Item 8.01 Other Events.

On April 20, 2009, Sun and Oracle issued a joint press release announcing the execution of the Merger Agreement. A copy of the press release is furnished hereto as Exhibit 99.1 and incorporated herein by reference in its entirety.

 

Item 9.01 Financial Statements and Exhibits.

(d) Exhibits.

 

Exhibit No.

  

Description

  2.1    Agreement and Plan of Merger dated as of April 19, 2009, by and among Oracle Corporation, Sun Microsystems, Inc. and Soda Acquisition Corporation.
99.1    Joint press release dated April 20, 2009.
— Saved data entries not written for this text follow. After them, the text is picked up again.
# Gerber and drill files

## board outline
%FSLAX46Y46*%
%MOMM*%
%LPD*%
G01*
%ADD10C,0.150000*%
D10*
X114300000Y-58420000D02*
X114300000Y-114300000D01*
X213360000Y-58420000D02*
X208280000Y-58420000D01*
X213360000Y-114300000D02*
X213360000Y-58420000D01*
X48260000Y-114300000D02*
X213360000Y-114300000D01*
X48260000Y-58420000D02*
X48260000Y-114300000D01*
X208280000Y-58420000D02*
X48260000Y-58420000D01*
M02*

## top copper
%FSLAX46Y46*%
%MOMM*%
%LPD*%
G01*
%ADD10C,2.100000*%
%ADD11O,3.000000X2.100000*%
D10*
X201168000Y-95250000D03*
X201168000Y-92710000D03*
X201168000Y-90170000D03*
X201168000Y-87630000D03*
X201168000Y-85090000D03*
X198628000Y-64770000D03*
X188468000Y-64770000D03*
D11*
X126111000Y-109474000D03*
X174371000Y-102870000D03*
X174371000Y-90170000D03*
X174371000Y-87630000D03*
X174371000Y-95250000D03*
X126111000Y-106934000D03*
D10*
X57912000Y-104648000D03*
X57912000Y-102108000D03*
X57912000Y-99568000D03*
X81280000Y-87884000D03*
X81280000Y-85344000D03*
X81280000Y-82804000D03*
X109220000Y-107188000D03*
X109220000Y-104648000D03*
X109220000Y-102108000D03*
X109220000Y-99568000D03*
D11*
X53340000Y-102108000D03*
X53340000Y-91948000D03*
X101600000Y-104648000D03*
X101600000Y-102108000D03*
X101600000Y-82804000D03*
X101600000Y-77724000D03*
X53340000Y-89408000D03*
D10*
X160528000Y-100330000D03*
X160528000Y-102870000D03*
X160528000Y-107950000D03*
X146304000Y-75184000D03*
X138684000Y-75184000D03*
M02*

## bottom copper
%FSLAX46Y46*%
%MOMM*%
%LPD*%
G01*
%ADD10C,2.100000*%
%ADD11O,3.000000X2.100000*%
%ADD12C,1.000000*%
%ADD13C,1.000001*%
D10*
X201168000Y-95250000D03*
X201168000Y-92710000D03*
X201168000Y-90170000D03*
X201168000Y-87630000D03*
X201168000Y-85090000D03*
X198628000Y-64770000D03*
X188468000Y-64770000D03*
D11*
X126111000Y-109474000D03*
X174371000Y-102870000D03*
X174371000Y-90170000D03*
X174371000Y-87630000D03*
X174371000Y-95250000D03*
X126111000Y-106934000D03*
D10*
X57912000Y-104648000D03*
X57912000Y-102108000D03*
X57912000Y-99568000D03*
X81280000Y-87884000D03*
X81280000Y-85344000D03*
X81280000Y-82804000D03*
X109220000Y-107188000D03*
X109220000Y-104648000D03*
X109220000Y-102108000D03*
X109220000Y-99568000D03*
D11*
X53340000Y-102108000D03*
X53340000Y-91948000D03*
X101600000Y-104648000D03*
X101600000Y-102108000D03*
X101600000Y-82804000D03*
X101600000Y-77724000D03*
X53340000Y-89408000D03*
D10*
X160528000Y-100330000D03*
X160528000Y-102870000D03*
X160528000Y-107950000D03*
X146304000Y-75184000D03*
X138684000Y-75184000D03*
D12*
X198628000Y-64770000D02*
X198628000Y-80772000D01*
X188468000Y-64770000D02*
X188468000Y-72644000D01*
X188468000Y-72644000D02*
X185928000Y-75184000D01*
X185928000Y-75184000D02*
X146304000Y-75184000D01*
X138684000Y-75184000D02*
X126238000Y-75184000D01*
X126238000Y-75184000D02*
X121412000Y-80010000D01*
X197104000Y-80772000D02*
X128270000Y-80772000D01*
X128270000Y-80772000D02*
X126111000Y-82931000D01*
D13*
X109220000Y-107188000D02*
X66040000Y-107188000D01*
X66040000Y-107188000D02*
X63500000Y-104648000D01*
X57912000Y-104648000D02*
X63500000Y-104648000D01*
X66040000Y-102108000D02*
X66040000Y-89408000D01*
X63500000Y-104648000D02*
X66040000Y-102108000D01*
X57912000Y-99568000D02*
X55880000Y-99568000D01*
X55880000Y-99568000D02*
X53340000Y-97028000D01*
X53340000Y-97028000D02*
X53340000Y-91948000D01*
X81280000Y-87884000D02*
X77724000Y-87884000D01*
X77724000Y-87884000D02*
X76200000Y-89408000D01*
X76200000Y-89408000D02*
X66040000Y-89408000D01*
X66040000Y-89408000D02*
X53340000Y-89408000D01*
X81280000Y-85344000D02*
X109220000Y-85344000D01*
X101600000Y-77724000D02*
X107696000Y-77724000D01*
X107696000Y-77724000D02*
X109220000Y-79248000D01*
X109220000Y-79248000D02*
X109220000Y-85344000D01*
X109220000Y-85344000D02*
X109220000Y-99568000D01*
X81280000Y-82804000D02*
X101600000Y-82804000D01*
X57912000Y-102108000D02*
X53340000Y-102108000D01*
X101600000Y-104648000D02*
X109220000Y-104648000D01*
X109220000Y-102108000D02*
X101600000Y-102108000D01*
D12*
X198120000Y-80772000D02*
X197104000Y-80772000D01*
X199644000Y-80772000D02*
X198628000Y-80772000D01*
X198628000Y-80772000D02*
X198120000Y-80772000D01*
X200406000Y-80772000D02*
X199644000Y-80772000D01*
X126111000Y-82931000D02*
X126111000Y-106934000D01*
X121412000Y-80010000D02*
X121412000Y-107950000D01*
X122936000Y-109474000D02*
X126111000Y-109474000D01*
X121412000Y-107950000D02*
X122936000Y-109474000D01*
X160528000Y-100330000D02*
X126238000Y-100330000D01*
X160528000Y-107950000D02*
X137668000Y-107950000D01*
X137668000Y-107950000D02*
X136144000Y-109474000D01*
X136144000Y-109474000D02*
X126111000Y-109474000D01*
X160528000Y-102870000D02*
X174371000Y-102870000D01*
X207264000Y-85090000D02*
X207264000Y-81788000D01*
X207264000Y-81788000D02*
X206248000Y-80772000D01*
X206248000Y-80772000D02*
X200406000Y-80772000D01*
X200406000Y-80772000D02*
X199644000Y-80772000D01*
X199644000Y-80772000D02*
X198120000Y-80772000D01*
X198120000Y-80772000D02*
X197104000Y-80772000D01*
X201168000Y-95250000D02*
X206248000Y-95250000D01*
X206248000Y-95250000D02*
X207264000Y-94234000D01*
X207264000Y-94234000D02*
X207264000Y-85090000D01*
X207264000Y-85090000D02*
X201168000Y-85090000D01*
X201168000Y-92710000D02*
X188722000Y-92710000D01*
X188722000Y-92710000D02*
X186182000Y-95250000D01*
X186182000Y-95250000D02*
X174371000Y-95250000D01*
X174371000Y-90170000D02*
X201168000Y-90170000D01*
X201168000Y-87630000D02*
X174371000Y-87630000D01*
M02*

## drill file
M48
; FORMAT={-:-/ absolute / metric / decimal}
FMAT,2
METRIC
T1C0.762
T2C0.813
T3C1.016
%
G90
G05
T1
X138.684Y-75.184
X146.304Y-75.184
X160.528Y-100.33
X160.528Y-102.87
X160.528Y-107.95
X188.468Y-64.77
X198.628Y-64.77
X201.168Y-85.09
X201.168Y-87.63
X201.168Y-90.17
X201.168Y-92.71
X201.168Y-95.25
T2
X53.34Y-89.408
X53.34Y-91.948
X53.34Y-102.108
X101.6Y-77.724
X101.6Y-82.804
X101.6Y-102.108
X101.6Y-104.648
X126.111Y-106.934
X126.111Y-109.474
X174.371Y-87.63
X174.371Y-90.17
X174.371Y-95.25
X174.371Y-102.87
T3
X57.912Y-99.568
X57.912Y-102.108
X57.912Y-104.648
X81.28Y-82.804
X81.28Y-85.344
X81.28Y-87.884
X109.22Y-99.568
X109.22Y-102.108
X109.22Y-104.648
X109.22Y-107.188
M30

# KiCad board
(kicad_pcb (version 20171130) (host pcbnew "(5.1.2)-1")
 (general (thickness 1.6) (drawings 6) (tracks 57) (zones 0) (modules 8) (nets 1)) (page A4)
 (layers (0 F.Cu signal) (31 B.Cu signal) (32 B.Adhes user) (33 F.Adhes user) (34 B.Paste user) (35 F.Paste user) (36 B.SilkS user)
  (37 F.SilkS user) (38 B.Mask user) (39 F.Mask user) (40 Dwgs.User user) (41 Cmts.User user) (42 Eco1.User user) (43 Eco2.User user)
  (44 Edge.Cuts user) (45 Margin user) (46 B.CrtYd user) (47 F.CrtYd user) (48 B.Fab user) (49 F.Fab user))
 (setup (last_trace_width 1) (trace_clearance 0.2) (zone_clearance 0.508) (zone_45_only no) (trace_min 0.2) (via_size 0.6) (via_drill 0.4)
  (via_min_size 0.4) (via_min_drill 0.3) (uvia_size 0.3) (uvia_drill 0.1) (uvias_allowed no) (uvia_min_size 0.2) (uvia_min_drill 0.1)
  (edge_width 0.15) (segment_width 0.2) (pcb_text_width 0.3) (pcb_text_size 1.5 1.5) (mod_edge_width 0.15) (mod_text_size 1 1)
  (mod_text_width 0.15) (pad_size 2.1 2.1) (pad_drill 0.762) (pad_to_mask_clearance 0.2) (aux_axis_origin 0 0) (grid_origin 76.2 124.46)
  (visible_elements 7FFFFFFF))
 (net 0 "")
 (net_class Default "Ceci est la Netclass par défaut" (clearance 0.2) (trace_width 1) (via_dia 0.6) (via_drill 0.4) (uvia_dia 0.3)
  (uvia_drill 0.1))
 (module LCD (layer F.Cu) (at 203.708 105.41 90)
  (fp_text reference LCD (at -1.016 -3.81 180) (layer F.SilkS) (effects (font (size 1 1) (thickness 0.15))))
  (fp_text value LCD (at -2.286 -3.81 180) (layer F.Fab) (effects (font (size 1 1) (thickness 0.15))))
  (pad VDD thru_hole circle (at 10.16 -2.54 90) (size 2.1 2.1) (drill 0.762) (layers *.Cu *.Mask F.SilkS))
  (pad VSS thru_hole circle (at 12.7 -2.54 90) (size 2.1 2.1) (drill 0.762) (layers *.Cu *.Mask F.SilkS))
  (pad SDA thru_hole circle (at 15.24 -2.54 90) (size 2.1 2.1) (drill 0.762) (layers *.Cu *.Mask F.SilkS))
  (pad SCL thru_hole circle (at 17.78 -2.54 90) (size 2.1 2.1) (drill 0.762) (layers *.Cu *.Mask F.SilkS))
  (pad RST thru_hole circle (at 20.32 -2.54 90) (size 2.1 2.1) (drill 0.762) (layers *.Cu *.Mask F.SilkS))
  (pad A thru_hole circle (at 40.64 -5.08 90) (size 2.1 2.1) (drill 0.762) (layers *.Cu *.Mask F.SilkS))
  (pad K thru_hole circle (at 40.64 -15.24 90) (size 2.1 2.1) (drill 0.762) (layers *.Cu *.Mask F.SilkS)))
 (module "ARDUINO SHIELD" (layer F.Cu) (at 123.571 68.834 270)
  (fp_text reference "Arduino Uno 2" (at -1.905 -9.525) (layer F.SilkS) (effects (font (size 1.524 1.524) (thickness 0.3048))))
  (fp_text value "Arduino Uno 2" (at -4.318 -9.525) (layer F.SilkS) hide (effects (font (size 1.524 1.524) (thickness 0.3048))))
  (pad GND1 thru_hole oval (at 40.64 -2.54) (size 3 2.1) (drill 0.8128) (layers *.Cu *.Mask F.SilkS))
  (pad 11 thru_hole oval (at 34.036 -50.8) (size 3 2.1) (drill 0.8128) (layers *.Cu *.Mask F.SilkS))
  (pad SDA thru_hole oval (at 21.336 -50.8) (size 3 2.1) (drill 0.8128) (layers *.Cu *.Mask F.SilkS))
  (pad SCL thru_hole oval (at 18.796 -50.8) (size 3 2.1) (drill 0.8128) (layers *.Cu *.Mask F.SilkS))
  (pad GND3 thru_hole oval (at 26.416 -50.8) (size 3 2.1) (drill 0.8128) (layers *.Cu *.Mask F.SilkS))
  (pad 5V thru_hole oval (at 38.1 -2.54) (size 3 2.1) (drill 0.8128) (layers *.Cu *.Mask F.SilkS)))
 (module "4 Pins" (layer F.Cu) (at 62.992 114.808 90)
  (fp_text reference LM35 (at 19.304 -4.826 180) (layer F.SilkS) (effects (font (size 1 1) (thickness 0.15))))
Additional Information and Where to Find It

Sun Microsystems, Inc. (“Sun”) plans to file with the Securities and Exchange Commission (the “SEC”) and mail to its stockholders a proxy statement in connection with the proposed merger with Soda Acquisition Corporation, pursuant to which Sun would be acquired by Oracle (the “Merger”). The proxy statement will contain important information about the proposed Merger and related matters. INVESTORS AND STOCKHOLDERS ARE URGED TO READ THE PROXY STATEMENT CAREFULLY WHEN IT BECOMES AVAILABLE. Investors and stockholders will be able to obtain free copies of the proxy statement and other documents filed with the SEC by Sun through the web site maintained by the SEC at www.sec.gov. In addition, investors and stockholders will be able to obtain free copies of the proxy statement from Sun by contacting Investor Relations by telephone at (408) 404-8427, or by mail at Sun Microsystems, Inc., Investor Relations, Mail Stop UMPK14-336, 4150 Network Circle, Santa Clara, California 95054, USA.
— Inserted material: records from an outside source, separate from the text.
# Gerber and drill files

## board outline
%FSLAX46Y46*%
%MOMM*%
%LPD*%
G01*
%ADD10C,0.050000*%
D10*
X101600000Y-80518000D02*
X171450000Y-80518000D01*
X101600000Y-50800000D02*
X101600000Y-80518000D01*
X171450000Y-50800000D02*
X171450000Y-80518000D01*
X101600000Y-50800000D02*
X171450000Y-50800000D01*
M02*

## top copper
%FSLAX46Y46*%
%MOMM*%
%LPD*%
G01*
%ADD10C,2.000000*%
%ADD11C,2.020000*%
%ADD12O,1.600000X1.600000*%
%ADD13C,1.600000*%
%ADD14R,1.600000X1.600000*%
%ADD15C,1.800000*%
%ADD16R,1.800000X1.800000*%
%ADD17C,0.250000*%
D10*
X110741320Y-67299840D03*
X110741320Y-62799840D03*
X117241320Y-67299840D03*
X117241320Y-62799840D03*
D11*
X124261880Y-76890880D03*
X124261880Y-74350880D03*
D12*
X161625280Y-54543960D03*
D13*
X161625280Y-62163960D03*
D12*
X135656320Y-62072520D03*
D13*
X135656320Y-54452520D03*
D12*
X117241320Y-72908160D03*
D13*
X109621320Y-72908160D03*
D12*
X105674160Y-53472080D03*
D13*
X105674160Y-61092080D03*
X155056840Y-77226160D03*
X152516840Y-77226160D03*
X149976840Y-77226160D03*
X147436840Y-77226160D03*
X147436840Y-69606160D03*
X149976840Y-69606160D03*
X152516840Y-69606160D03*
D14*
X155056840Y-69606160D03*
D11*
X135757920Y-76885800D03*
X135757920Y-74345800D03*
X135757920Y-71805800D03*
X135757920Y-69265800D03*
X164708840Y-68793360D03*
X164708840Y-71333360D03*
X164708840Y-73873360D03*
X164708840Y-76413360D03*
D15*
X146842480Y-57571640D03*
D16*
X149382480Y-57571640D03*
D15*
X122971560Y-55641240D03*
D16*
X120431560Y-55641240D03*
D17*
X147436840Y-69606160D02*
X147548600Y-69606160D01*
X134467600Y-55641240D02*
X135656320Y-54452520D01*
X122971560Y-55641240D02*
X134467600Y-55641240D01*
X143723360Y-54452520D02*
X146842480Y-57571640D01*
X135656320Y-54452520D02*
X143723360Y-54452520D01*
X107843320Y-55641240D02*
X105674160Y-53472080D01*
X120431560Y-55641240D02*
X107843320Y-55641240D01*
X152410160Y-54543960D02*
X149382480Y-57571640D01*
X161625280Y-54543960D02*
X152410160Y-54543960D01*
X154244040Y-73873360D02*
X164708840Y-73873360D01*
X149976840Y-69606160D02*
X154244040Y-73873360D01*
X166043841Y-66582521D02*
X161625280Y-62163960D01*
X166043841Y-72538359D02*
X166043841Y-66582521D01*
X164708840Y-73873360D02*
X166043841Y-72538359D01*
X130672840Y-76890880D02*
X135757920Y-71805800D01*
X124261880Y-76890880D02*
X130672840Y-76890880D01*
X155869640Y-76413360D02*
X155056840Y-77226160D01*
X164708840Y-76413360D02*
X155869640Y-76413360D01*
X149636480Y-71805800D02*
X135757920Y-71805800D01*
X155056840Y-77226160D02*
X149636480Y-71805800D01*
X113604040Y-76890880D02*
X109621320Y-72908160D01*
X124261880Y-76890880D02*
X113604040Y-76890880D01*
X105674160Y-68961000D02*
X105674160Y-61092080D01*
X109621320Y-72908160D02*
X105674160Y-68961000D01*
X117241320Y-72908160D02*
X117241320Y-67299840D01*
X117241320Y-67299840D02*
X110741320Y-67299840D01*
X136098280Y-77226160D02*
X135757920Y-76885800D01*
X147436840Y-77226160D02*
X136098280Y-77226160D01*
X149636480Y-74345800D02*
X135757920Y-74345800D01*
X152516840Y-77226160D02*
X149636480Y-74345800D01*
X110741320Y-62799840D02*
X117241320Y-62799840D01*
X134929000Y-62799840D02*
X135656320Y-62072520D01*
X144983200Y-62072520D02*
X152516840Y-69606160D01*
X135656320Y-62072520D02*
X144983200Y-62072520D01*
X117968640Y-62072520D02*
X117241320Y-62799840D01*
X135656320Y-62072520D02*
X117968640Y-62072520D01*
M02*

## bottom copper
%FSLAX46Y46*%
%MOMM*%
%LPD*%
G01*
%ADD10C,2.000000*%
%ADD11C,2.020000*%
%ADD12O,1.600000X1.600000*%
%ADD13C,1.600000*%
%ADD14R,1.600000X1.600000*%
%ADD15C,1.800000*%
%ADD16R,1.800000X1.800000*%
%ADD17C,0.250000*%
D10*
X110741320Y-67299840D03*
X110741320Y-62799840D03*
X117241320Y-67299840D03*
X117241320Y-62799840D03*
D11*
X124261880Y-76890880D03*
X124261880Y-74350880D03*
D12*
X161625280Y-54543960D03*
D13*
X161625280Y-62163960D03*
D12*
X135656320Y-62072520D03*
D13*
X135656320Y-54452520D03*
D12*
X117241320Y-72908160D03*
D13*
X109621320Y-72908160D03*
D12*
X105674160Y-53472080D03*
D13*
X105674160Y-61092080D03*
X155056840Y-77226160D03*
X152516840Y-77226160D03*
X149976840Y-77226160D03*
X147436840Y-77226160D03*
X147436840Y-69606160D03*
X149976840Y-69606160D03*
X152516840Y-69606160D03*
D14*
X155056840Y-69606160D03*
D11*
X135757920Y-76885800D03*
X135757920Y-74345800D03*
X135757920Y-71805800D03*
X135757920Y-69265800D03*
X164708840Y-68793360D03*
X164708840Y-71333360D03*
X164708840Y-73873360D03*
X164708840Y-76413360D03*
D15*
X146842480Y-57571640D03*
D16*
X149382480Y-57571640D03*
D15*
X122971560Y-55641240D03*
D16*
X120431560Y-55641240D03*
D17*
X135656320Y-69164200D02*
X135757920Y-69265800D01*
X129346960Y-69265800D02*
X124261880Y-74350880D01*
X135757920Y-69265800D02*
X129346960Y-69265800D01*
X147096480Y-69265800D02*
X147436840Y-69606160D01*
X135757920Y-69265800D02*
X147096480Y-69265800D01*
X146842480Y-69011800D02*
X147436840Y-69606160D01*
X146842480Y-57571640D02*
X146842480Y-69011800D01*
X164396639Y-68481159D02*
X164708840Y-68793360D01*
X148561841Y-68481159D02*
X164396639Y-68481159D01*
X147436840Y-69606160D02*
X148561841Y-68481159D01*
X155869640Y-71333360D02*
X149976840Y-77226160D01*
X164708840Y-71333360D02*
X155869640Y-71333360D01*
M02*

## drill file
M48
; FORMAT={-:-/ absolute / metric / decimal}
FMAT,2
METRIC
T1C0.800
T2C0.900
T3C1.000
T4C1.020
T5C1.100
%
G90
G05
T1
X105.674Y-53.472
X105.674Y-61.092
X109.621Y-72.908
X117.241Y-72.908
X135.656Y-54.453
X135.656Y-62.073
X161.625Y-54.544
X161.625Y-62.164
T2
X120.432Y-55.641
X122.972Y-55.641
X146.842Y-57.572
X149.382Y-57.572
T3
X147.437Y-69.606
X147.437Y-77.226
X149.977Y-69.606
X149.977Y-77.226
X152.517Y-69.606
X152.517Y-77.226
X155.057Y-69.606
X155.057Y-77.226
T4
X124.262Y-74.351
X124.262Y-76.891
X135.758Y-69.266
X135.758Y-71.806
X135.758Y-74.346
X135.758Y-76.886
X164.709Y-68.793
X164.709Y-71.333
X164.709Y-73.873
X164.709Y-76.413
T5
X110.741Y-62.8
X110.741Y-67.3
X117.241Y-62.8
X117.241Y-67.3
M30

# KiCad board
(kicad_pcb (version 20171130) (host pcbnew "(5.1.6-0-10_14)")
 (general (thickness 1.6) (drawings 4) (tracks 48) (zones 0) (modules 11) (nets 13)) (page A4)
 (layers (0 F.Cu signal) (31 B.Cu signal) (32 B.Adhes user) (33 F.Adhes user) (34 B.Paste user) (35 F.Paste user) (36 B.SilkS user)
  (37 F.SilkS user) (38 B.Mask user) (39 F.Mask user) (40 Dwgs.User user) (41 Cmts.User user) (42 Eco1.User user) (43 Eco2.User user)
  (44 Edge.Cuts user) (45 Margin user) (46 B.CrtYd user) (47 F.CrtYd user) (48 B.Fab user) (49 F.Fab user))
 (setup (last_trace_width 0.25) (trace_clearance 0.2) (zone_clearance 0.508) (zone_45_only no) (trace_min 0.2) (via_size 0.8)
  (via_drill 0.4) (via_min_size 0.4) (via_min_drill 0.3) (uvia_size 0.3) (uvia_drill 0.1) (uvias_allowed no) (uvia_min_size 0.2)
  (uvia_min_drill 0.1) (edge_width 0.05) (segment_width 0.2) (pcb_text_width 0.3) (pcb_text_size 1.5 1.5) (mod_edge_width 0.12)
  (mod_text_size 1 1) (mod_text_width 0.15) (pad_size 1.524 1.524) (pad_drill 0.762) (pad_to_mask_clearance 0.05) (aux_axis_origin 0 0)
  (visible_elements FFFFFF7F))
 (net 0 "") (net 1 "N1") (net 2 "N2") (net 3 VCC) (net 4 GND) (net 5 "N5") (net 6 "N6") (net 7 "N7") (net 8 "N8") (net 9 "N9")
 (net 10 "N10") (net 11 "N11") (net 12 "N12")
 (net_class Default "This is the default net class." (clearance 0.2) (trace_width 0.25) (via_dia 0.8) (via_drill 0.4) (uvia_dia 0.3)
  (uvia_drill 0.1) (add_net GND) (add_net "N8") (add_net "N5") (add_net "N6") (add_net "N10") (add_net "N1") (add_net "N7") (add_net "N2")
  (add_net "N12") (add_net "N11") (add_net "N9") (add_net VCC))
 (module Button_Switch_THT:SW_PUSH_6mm (layer F.Cu) (at 117.24132 67.29984 180)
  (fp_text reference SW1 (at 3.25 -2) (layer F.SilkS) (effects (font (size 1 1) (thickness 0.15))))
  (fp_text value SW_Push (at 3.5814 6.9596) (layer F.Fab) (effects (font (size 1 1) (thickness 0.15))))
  (pad 1 thru_hole circle (at 6.5 0 270) (size 2 2) (drill 1.1) (layers *.Cu *.Mask) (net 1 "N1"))
  (pad 2 thru_hole circle (at 6.5 4.5 270) (size 2 2) (drill 1.1) (layers *.Cu *.Mask) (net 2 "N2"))
  (pad 1 thru_hole circle (at 0 0 270) (size 2 2) (drill 1.1) (layers *.Cu *.Mask) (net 1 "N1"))
  (pad 2 thru_hole circle (at 0 4.5 270) (size 2 2) (drill 1.1) (layers *.Cu *.Mask) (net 2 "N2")))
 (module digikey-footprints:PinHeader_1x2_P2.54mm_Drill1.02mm (layer F.Cu) (at 124.26188 74.35088 270)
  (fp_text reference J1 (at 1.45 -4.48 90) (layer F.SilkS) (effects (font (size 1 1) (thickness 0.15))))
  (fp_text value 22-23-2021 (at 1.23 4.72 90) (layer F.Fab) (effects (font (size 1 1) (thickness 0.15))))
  (pad 2 thru_hole circle (at 2.54 0 270) (size 2.02 2.02) (drill 1.02) (layers *.Cu *.Mask) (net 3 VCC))
  (pad 1 thru_hole circle (at 0 0 270) (size 2.02 2.02) (drill 1.02) (layers *.Cu *.Mask) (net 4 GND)))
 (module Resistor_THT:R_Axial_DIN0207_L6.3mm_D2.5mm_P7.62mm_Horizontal (layer F.Cu) (at 161.62528 62.16396 90)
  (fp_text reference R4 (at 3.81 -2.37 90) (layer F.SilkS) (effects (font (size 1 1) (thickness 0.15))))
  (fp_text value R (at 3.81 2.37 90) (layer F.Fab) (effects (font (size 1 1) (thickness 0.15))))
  (pad 2 thru_hole oval (at 7.62 0 90) (size 1.6 1.6) (drill 0.8) (layers *.Cu *.Mask) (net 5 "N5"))
  (pad 1 thru_hole circle (at 0 0 90) (size 1.6 1.6) (drill 0.8) (layers *.Cu *.Mask) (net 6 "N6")))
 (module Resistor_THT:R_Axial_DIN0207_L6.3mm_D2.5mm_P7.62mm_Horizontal (layer F.Cu) (at 135.65632 54.45252 270)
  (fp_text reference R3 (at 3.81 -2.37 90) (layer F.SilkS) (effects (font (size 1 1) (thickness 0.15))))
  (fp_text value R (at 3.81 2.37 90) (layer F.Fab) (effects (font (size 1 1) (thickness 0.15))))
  (pad 2 thru_hole oval (at 7.62 0 270) (size 1.6 1.6) (drill 0.8) (layers *.Cu *.Mask) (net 2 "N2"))
  (pad 1 thru_hole circle (at 0 0 270) (size 1.6 1.6) (drill 0.8) (layers *.Cu *.Mask) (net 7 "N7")))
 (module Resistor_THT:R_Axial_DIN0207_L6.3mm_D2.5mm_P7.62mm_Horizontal (layer F.Cu) (at 109.62132 72.90816)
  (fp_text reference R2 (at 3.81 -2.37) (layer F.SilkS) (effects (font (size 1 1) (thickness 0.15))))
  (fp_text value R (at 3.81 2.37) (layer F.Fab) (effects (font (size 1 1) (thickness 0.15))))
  (pad 2 thru_hole oval (at 7.62 0) (size 1.6 1.6) (drill 0.8) (layers *.Cu *.Mask) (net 1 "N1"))
  (pad 1 thru_hole circle (at 0 0) (size 1.6 1.6) (drill 0.8) (layers *.Cu *.Mask) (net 3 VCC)))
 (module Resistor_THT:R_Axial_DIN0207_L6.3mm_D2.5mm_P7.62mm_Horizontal (layer F.Cu) (at 105.67416 61.09208 90)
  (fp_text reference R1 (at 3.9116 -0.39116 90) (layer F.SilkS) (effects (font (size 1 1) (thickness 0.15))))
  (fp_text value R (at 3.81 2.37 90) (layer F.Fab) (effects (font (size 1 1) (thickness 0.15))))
Sun and its directors and executive officers may be deemed to be participants in the solicitation of proxies from the stockholders of Sun in connection with the proposed Merger. Information regarding the interests of these directors and executive officers in the transaction described herein will be included in the proxy statement described above. Additional information regarding these directors and executive officers is also included in Sun’s proxy statement for its 2008 Annual Meeting of Stockholders, which was filed with the SEC on September 24, 2008. This document is available free of charge at the SEC’s web site at www.sec.gov, and from Sun by contacting Investor Relations by telephone at (408) 404-8427, or by mail at Sun Microsystems, Inc., Mail Stop UMPK14-336, 4150 Network Circle, Santa Clara, California 95054, USA, or by going to Sun’s Investor Relations page on its corporate web site at www.sun.com.

Note on Forward-Looking Statements

This Current Report on Form 8-K contains certain forward-looking statements within the meaning of Section 27A of the Securities Act of 1933 and Section 21E of the Securities Exchange Act of 1934, including but not limited to, statements regarding the expected closing of the proposed Merger. These forward-looking statements involve certain risks and uncertainties that could cause actual results to differ materially from those indicated in such forward-looking statements, including, but not limited to, the ability of the parties to consummate the proposed Merger, satisfaction of closing conditions precedent to the consummation of the proposed Merger, the ability of Oracle to successfully integrate Sun’s operations and employees, the ability to realize anticipated synergies and cost savings of the proposed Merger, and such other risks as identified in Sun’s Annual Report on Form 10-K for the fiscal year ended June 30, 2008, and Sun’s most recent Quarterly Report on Form 10-Q, each as filed with the SEC, which contain and identify important factors that could cause the actual results to differ materially from those contained in the forward-looking statements. Sun assumes no obligation to update any forward-looking statement contained in this Current Report on Form 8-K.


SIGNATURES

Pursuant to the requirements of the Securities Exchange Act of 1934, the registrant has duly caused this report to be signed on its behalf by the undersigned hereunto duly authorized.

 

SUN MICROSYSTEMS, INC.
By:   /s/ Michael A. Dillon
  Michael A. Dillon
  Executive Vice President, General Counsel and Secretary

Date: April 20, 2009


EXHIBIT INDEX

 

Exhibit No.

  

Description

  2.1    Agreement and Plan of Merger dated as of April 19, 2009, by and among Oracle Corporation, Sun Microsystems, Inc. and Soda Acquisition Corporation.
99.1    Joint press release dated April 20, 2009.